- [Your goal]:
Begin at the first line below and copy each line exactly, ending with the line where "X115917929Y-125475679D01*" appears.

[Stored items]
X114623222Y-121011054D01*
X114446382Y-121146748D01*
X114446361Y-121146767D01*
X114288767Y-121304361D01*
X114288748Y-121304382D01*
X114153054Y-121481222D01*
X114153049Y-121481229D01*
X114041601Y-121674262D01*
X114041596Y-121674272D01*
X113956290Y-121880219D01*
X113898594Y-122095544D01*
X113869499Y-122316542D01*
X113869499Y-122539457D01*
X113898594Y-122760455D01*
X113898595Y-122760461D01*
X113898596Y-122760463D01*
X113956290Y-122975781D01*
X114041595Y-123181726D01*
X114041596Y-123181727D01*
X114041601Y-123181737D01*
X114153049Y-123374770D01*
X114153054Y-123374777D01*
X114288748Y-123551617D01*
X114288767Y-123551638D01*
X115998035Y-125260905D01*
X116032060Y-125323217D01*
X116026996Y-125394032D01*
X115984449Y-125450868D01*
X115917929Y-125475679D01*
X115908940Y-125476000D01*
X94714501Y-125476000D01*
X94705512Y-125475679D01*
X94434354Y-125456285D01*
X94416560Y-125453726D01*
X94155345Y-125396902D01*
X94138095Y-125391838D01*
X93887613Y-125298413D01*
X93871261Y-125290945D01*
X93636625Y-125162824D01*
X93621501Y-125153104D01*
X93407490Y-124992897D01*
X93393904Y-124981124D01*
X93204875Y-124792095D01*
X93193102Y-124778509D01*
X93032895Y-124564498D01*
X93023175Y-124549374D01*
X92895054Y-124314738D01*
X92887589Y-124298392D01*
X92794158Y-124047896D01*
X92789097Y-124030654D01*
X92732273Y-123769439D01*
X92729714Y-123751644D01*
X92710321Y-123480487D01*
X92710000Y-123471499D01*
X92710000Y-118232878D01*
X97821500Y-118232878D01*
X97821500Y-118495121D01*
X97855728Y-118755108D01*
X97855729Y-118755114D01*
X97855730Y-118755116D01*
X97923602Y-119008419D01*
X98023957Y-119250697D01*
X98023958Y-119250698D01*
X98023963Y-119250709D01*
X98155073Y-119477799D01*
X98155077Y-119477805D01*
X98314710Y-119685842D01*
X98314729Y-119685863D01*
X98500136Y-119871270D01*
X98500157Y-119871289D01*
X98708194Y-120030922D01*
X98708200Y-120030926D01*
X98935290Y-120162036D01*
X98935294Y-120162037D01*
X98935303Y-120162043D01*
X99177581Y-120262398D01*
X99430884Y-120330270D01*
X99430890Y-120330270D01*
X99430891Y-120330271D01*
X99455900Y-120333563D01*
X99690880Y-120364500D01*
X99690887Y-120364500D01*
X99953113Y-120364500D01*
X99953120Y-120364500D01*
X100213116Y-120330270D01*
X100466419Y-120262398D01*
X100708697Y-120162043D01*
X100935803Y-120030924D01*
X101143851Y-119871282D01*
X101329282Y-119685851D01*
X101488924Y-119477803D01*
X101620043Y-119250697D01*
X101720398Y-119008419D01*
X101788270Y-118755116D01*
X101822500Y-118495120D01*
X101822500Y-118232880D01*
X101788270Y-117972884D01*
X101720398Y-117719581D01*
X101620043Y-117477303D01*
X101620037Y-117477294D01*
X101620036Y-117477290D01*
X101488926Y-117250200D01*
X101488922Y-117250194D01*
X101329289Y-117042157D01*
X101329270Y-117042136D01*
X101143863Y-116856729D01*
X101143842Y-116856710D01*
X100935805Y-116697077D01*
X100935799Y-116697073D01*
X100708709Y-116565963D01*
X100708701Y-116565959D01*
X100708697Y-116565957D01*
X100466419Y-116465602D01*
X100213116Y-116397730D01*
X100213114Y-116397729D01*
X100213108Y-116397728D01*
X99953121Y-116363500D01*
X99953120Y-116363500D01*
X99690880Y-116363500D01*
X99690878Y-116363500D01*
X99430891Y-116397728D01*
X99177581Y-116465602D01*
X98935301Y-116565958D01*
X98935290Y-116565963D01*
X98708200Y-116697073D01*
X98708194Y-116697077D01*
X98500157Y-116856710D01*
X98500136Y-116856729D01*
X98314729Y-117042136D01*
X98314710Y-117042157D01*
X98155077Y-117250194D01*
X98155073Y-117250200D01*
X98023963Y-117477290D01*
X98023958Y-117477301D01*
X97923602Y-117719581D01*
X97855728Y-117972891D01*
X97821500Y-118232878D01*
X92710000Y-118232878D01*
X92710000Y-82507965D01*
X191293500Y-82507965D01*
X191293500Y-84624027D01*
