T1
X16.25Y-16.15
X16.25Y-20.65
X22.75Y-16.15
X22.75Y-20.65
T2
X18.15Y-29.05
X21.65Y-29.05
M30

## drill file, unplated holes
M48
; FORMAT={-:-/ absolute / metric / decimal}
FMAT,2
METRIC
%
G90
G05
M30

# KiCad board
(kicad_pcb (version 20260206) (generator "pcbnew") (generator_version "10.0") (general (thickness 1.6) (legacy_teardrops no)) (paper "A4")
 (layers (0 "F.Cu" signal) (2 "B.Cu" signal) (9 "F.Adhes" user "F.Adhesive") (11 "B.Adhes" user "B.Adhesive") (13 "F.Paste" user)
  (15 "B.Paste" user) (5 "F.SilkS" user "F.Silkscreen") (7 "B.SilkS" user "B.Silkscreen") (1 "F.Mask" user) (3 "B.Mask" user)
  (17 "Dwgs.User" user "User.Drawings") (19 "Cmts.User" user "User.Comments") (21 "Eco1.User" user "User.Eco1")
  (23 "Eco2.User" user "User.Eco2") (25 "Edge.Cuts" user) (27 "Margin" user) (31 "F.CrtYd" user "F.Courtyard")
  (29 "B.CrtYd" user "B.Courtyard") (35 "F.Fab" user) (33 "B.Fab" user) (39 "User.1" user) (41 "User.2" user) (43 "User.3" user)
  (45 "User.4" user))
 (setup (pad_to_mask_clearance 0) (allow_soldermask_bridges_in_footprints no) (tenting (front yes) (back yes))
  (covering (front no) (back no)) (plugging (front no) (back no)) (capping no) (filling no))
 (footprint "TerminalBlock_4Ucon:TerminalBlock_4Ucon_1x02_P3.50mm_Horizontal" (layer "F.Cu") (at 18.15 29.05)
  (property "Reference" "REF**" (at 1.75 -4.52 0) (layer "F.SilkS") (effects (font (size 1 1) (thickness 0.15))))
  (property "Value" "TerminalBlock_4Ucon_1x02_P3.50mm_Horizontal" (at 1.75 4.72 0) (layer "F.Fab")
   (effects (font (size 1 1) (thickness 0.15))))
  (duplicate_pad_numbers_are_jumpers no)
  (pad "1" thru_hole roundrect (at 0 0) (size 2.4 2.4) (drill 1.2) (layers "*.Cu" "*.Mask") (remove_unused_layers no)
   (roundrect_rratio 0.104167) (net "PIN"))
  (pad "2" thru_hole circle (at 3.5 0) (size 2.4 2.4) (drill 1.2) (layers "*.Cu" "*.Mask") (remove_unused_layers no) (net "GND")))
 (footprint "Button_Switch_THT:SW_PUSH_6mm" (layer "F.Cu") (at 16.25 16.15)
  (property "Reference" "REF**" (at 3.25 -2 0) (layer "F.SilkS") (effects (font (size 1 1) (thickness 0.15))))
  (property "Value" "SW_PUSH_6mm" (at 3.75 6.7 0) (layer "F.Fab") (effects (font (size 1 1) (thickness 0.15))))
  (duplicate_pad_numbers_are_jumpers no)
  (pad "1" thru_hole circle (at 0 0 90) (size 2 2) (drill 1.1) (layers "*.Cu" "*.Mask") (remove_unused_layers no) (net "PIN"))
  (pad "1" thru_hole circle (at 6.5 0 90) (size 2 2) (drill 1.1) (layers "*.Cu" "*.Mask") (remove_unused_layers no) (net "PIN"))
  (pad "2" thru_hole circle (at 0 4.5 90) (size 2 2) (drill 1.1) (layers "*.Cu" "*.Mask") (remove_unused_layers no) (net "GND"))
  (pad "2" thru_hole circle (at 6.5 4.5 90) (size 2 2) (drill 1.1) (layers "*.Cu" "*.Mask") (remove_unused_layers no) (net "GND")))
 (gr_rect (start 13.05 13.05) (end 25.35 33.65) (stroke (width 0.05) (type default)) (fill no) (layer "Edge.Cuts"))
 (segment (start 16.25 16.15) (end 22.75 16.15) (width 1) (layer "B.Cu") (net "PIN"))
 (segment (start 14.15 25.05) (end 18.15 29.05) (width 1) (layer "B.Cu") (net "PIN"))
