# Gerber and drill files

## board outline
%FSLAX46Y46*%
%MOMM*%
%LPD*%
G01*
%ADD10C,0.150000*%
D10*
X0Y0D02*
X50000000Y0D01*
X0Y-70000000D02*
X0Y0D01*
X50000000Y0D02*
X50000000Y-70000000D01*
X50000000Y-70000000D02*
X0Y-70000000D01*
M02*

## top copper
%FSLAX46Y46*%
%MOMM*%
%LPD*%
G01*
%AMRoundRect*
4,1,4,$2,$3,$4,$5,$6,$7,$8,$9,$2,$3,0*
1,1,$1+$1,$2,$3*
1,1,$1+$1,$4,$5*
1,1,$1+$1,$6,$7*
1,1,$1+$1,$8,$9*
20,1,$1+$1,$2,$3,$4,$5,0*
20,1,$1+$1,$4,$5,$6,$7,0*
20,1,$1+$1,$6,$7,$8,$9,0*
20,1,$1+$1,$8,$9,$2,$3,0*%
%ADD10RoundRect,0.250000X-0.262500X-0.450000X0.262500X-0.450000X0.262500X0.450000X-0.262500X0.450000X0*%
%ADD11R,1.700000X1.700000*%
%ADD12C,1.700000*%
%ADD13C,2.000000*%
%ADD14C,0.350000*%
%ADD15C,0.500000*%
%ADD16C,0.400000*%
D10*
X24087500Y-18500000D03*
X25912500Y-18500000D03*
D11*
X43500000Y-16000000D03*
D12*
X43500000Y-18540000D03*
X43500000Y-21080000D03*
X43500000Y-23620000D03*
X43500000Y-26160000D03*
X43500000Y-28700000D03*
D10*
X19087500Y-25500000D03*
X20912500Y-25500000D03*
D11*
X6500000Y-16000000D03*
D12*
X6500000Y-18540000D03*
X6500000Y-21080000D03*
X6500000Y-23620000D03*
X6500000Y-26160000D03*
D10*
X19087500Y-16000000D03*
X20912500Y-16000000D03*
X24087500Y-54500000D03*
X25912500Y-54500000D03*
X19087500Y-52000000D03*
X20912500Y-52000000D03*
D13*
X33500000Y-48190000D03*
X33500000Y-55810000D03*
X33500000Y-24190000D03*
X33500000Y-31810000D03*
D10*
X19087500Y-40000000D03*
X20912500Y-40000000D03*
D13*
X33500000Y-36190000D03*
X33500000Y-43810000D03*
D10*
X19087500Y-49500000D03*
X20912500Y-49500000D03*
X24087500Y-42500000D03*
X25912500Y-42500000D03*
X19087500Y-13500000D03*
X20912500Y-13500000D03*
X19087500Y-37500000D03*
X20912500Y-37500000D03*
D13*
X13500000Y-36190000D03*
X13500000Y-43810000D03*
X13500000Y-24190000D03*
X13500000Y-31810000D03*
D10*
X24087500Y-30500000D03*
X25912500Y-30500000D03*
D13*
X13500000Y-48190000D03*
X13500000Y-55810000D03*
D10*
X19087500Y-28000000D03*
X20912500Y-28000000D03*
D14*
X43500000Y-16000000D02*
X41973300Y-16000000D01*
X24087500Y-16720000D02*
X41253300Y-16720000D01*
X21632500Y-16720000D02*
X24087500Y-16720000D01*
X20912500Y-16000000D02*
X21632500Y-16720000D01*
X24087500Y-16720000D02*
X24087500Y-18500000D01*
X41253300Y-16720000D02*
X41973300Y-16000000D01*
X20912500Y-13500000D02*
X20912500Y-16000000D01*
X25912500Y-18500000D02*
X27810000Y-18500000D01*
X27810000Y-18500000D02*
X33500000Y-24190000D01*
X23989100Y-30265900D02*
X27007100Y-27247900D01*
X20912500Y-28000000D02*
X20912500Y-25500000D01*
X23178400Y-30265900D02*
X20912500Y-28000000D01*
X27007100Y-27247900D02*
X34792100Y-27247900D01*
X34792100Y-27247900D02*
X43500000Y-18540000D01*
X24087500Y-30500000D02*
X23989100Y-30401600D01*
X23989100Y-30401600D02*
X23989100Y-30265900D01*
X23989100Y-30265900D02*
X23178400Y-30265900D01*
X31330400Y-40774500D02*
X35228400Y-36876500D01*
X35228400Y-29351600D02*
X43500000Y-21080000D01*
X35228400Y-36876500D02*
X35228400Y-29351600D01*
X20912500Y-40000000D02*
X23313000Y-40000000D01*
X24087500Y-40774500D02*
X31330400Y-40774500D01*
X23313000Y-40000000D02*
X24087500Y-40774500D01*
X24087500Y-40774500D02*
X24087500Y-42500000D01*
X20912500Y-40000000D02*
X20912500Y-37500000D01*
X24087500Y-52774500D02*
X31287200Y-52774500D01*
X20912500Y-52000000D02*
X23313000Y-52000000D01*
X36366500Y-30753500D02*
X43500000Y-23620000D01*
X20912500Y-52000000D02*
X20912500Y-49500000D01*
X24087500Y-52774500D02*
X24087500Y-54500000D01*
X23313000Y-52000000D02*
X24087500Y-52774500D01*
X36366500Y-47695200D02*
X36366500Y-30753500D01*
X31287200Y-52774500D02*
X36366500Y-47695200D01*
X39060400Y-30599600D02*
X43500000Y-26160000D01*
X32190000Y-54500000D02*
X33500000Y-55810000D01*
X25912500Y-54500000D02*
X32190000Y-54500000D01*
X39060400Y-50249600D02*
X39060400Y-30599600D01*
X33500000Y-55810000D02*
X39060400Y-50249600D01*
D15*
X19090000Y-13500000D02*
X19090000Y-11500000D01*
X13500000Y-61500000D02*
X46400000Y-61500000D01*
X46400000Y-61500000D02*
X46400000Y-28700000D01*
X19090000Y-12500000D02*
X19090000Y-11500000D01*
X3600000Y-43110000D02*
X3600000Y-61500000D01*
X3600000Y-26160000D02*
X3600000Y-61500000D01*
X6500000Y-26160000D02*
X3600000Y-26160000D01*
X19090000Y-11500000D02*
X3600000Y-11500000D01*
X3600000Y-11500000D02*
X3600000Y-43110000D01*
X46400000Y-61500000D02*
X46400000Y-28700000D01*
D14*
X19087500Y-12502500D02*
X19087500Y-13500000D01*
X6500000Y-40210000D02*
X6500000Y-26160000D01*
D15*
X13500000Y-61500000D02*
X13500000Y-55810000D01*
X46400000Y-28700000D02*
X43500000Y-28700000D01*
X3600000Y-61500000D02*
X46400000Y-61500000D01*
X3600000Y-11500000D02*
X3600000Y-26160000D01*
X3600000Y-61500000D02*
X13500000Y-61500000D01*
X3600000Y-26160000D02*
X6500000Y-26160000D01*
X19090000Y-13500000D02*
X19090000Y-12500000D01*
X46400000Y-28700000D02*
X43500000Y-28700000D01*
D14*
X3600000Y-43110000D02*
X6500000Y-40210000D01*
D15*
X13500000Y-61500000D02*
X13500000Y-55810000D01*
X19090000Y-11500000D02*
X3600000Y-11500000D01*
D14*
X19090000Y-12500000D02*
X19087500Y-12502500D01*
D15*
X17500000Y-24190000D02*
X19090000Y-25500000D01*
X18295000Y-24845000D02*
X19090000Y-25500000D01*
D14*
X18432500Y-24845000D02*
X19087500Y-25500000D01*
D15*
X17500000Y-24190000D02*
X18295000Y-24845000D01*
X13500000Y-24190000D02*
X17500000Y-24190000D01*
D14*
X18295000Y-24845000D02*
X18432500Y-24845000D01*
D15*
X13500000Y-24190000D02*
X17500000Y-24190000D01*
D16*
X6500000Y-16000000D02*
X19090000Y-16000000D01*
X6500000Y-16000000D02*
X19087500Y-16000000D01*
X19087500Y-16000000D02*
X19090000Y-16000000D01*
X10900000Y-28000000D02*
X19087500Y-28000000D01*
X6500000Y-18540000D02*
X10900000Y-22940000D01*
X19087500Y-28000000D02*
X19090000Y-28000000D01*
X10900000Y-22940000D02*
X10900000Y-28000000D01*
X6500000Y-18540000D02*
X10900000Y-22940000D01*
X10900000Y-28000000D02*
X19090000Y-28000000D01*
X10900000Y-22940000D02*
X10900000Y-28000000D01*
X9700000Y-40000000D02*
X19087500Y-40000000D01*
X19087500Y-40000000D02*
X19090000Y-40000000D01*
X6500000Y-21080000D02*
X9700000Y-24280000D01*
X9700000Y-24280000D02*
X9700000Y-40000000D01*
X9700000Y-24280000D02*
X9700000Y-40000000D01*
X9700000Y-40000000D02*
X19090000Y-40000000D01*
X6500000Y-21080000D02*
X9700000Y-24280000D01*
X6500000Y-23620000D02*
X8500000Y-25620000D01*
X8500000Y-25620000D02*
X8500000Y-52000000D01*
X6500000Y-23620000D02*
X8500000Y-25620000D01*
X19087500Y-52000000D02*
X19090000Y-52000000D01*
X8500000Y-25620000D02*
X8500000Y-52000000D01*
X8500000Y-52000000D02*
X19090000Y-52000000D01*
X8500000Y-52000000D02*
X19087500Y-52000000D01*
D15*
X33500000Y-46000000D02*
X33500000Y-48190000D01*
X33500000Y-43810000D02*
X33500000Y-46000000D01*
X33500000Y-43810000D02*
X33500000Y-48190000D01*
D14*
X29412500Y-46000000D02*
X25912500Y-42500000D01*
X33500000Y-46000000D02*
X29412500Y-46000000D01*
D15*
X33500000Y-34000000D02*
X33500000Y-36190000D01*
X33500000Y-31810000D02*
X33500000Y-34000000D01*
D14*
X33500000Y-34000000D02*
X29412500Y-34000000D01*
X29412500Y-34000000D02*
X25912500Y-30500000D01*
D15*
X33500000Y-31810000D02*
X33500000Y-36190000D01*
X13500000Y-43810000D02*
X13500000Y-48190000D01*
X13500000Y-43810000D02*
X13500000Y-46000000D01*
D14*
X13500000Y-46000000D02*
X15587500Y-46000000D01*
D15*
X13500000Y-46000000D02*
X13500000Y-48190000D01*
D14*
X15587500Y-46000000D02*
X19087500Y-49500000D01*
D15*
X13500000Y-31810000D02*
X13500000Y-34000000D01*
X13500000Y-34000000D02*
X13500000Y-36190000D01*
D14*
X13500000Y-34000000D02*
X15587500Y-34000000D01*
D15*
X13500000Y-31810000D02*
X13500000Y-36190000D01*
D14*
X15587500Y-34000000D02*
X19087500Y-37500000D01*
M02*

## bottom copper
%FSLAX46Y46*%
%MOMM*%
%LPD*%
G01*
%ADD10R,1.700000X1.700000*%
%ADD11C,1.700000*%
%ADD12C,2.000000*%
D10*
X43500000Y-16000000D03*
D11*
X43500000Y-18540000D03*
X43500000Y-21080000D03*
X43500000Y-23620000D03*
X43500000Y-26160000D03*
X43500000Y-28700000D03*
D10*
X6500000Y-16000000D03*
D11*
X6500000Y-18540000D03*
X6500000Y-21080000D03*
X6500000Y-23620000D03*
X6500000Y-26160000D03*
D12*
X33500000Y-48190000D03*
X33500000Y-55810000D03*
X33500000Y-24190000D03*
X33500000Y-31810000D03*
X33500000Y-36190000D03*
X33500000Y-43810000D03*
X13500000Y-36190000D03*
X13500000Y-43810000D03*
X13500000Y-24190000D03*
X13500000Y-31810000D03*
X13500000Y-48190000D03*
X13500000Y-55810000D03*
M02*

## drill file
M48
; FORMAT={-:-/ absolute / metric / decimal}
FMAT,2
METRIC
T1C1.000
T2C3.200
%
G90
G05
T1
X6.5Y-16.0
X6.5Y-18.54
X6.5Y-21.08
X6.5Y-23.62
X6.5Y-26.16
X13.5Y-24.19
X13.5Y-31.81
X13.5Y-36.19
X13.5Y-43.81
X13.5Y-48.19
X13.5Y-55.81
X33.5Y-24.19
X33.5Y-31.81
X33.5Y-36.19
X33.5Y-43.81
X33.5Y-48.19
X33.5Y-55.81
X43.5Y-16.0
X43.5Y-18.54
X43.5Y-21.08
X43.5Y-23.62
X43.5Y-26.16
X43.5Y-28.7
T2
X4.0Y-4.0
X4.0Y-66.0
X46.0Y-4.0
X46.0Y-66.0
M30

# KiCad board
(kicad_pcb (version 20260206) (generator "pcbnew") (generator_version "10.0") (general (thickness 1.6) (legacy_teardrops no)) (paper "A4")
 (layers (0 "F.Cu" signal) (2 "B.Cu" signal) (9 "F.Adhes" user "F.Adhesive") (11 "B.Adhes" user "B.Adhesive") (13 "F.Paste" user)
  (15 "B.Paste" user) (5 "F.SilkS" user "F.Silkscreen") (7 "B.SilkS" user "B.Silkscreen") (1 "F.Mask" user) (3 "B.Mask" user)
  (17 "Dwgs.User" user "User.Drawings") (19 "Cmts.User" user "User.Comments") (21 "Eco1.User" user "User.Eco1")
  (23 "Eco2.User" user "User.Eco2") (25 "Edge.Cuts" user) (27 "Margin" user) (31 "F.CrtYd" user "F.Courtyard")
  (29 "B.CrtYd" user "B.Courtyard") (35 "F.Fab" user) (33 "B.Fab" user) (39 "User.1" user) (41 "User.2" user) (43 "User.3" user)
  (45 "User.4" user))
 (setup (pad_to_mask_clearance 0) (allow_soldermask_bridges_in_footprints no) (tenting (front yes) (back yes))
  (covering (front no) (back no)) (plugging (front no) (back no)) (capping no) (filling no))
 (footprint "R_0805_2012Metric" (layer "F.Cu") (at 25 18.5)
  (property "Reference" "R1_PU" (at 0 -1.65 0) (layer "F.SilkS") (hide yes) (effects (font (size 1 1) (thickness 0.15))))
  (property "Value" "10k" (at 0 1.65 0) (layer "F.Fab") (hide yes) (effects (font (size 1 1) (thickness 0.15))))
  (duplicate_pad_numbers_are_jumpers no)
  (pad "1" smd roundrect (at -0.9125 0) (size 1.025 1.4) (layers "F.Cu" "F.Mask" "F.Paste") (roundrect_rratio 0.243902) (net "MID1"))
  (pad "2" smd roundrect (at 0.9125 0) (size 1.025 1.4) (layers "F.Cu" "F.Mask" "F.Paste") (roundrect_rratio 0.243902) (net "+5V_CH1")))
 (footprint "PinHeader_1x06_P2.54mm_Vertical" (layer "F.Cu") (at 43.5 16)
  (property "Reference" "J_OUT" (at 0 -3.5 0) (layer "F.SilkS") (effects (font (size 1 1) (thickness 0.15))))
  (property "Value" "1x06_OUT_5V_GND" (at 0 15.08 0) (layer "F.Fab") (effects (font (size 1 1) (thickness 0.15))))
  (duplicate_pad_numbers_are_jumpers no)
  (pad "1" thru_hole rect (at 0 0) (size 1.7 1.7) (drill 1) (layers "*.Cu" "F.Mask") (remove_unused_layers no) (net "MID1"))
  (pad "2" thru_hole circle (at 0 2.54) (size 1.7 1.7) (drill 1) (layers "*.Cu" "F.Mask") (remove_unused_layers no) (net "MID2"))
  (pad "3" thru_hole circle (at 0 5.08) (size 1.7 1.7) (drill 1) (layers "*.Cu" "F.Mask") (remove_unused_layers no) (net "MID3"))
  (pad "4" thru_hole circle (at 0 7.62) (size 1.7 1.7) (drill 1) (layers "*.Cu" "F.Mask") (remove_unused_layers no) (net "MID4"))
  (pad "5" thru_hole circle (at 0 10.16) (size 1.7 1.7) (drill 1) (layers "*.Cu" "F.Mask") (remove_unused_layers no) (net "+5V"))
  (pad "6" thru_hole circle (at 0 12.7) (size 1.7 1.7) (drill 1) (layers "*.Cu" "F.Mask") (remove_unused_layers no) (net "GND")))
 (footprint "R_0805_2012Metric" (layer "F.Cu") (at 20 25.5)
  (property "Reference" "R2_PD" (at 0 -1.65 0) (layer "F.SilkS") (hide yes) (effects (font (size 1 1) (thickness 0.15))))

- [Answer to this exercise]:
X114623222Y-121011054D01*
X114446382Y-121146748D01*
X114446361Y-121146767D01*
X114288767Y-121304361D01*
X114288748Y-121304382D01*
X114153054Y-121481222D01*
X114153049Y-121481229D01*
X114041601Y-121674262D01*
X114041596Y-121674272D01*
X113956290Y-121880219D01*
X113898594Y-122095544D01*
X113869499Y-122316542D01*
X113869499Y-122539457D01*
X113898594Y-122760455D01*
X113898595Y-122760461D01*
X113898596Y-122760463D01*
X113956290Y-122975781D01*
X114041595Y-123181726D01*
X114041596Y-123181727D01*
X114041601Y-123181737D01*
X114153049Y-123374770D01*
X114153054Y-123374777D01*
X114288748Y-123551617D01*
X114288767Y-123551638D01*
X115998035Y-125260905D01*
X116032060Y-125323217D01*
X116026996Y-125394032D01*
X115984449Y-125450868D01*
X115917929Y-125475679D01*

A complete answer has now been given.